In one Pennsylvania county, more than three times as many people on the registry were charged in 2016 with failing to follow registry requirements than were charged with a new sexual offense

In January 2015, Franklin Barrick packed his bags and moved out of his home near Chambersburg, Pennsylvania, leaving his wife behind. For most, the end of a marriage would bring divorce proceedings in civil court, but for Barrick it yielded felony criminal charges.

Why?

Because Barrick is on the sex offender registry. In 2007, he was arrested for having sexual conversations via internet chat programs and sending sexual images to a person who he thought was a 13-year-old girl but turned out to be agents with the Pennsylvania attorney general’s office. As a registrant, Barrick must alert police when he changes his residence, purchases a new vehicle, attends school, or even opens a Facebook account.

So when Barrick failed to alert authorities after he left his wife, he was charged by Pennsylvania State Police with felony failure to comply with sex offender registry requirements. In April 2015, he was taken into police custody and held for nearly 200 days in Franklin County Jail on $60,000 cash bail set by the judge.

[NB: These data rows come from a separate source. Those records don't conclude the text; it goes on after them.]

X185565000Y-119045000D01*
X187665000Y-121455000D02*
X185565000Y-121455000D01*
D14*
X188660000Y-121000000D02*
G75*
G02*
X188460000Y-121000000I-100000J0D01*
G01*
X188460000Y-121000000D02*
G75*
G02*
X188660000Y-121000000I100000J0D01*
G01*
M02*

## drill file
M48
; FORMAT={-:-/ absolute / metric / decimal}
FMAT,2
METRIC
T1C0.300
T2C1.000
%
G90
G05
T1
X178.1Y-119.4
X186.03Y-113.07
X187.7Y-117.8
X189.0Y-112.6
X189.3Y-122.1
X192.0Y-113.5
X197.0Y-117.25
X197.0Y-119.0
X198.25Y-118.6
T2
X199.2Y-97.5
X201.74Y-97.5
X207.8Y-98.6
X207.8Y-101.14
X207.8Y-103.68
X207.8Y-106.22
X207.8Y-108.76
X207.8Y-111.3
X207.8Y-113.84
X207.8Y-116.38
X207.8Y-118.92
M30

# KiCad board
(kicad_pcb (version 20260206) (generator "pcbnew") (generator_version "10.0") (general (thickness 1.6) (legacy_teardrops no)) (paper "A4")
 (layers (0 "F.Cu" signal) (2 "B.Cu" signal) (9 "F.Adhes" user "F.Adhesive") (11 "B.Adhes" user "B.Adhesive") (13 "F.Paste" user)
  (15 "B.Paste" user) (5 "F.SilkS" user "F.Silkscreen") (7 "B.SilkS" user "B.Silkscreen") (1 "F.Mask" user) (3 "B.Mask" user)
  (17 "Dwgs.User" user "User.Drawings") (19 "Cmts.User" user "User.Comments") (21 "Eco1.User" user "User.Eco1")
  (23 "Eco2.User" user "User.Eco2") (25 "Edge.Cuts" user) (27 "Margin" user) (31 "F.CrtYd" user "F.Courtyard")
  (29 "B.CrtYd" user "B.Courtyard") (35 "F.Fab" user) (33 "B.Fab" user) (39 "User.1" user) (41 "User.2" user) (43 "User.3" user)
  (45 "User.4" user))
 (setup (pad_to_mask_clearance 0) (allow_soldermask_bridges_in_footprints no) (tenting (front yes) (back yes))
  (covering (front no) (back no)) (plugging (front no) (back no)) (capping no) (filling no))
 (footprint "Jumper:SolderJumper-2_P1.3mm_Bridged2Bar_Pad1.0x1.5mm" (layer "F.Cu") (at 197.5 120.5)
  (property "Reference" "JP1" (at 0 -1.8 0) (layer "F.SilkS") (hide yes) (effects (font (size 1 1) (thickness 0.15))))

Later, Barrick pleaded guilty to two counts of felony conduct relating to sexual offenders—failure to notify—and was sentenced to 11 to 23 months’ confinement plus 21 years’ probation. He was also ordered by pay more than $2,000 in fines and fees.

Hundreds of people every year in Pennsylvania are arrested and face incarceration for failing to comply with sex offender registry requirements. People on the registry are required to provide their address, work information, information about vehicles they drive, social media accounts, and other personal information, as well as regularly have their photograph taken by police. When any of that information changes, police must be notified within three days. The Appeal identified nearly 900 criminal cases where a defendant was charged with failure to comply with sex offender registry requirements in Pennsylvania in 2016 alone.

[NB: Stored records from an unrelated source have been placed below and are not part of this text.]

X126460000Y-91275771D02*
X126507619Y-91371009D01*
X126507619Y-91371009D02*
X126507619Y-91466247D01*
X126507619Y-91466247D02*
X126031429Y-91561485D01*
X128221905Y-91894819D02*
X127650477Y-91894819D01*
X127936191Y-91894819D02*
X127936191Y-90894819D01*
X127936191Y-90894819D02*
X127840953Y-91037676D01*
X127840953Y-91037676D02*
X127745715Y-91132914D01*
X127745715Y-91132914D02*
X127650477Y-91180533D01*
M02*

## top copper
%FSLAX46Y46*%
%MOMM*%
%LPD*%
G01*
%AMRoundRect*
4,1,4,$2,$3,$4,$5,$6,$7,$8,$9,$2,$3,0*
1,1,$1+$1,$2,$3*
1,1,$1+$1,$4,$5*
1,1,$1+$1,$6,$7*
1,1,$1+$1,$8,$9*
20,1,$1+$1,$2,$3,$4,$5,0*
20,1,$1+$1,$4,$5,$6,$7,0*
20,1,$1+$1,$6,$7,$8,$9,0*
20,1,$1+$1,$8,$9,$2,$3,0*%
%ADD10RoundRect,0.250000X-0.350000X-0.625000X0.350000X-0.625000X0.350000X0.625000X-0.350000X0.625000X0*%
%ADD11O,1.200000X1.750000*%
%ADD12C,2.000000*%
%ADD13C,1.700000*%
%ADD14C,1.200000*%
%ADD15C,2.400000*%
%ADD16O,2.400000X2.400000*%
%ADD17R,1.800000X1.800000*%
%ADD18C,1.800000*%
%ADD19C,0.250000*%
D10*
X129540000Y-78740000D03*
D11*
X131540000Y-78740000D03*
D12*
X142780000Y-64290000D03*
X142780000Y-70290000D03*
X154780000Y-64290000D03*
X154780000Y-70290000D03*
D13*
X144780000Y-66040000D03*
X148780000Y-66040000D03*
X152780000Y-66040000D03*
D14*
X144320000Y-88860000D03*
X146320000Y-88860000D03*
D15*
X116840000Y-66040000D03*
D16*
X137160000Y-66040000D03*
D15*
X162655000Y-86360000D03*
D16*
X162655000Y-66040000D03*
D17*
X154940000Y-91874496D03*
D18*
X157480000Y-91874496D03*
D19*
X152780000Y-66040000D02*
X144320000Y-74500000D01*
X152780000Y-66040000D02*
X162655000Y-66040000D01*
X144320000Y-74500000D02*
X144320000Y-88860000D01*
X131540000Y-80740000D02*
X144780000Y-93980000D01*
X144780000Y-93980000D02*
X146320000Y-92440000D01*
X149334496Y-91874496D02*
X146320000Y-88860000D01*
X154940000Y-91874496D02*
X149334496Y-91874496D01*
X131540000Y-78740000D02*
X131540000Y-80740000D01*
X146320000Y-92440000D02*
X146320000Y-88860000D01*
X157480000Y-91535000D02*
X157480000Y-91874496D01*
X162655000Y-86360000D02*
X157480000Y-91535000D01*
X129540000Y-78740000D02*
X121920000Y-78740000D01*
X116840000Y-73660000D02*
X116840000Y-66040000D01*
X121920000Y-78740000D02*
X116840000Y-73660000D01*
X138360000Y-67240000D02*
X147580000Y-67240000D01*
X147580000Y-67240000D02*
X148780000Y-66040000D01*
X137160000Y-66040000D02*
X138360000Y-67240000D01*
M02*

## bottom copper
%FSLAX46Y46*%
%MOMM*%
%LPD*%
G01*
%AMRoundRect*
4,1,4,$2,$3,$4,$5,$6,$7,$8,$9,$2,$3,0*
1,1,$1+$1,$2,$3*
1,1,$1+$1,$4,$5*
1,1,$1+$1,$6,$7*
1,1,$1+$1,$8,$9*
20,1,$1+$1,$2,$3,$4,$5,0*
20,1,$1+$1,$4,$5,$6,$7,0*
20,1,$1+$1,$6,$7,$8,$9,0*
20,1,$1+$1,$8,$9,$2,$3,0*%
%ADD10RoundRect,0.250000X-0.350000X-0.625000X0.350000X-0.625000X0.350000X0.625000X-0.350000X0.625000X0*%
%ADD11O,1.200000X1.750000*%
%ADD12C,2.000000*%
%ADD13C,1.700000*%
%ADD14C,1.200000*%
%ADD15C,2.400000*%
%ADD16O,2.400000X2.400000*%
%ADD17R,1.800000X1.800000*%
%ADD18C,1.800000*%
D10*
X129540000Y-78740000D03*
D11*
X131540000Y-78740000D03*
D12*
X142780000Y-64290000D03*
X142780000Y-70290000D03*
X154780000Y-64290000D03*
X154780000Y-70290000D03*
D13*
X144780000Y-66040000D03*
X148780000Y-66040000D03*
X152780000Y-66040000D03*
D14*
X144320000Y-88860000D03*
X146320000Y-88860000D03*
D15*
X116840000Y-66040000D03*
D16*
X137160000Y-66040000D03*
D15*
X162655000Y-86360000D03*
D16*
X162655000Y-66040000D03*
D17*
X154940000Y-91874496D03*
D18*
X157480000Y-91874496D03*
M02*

But sex offender registry laws do not increase public safety, says Chrysanthi Leon, associate professor of sociology and criminal justice at the University of Delaware. “We’re really creating a false sense of security for ourselves when we convince ourselves that by detecting and naming and then further surveilling this small group of people will solve any problems,” Leon told The Appeal. Leon said most charged sexual offenses are committed by first-time sexual offenders and not by people who are on the registry.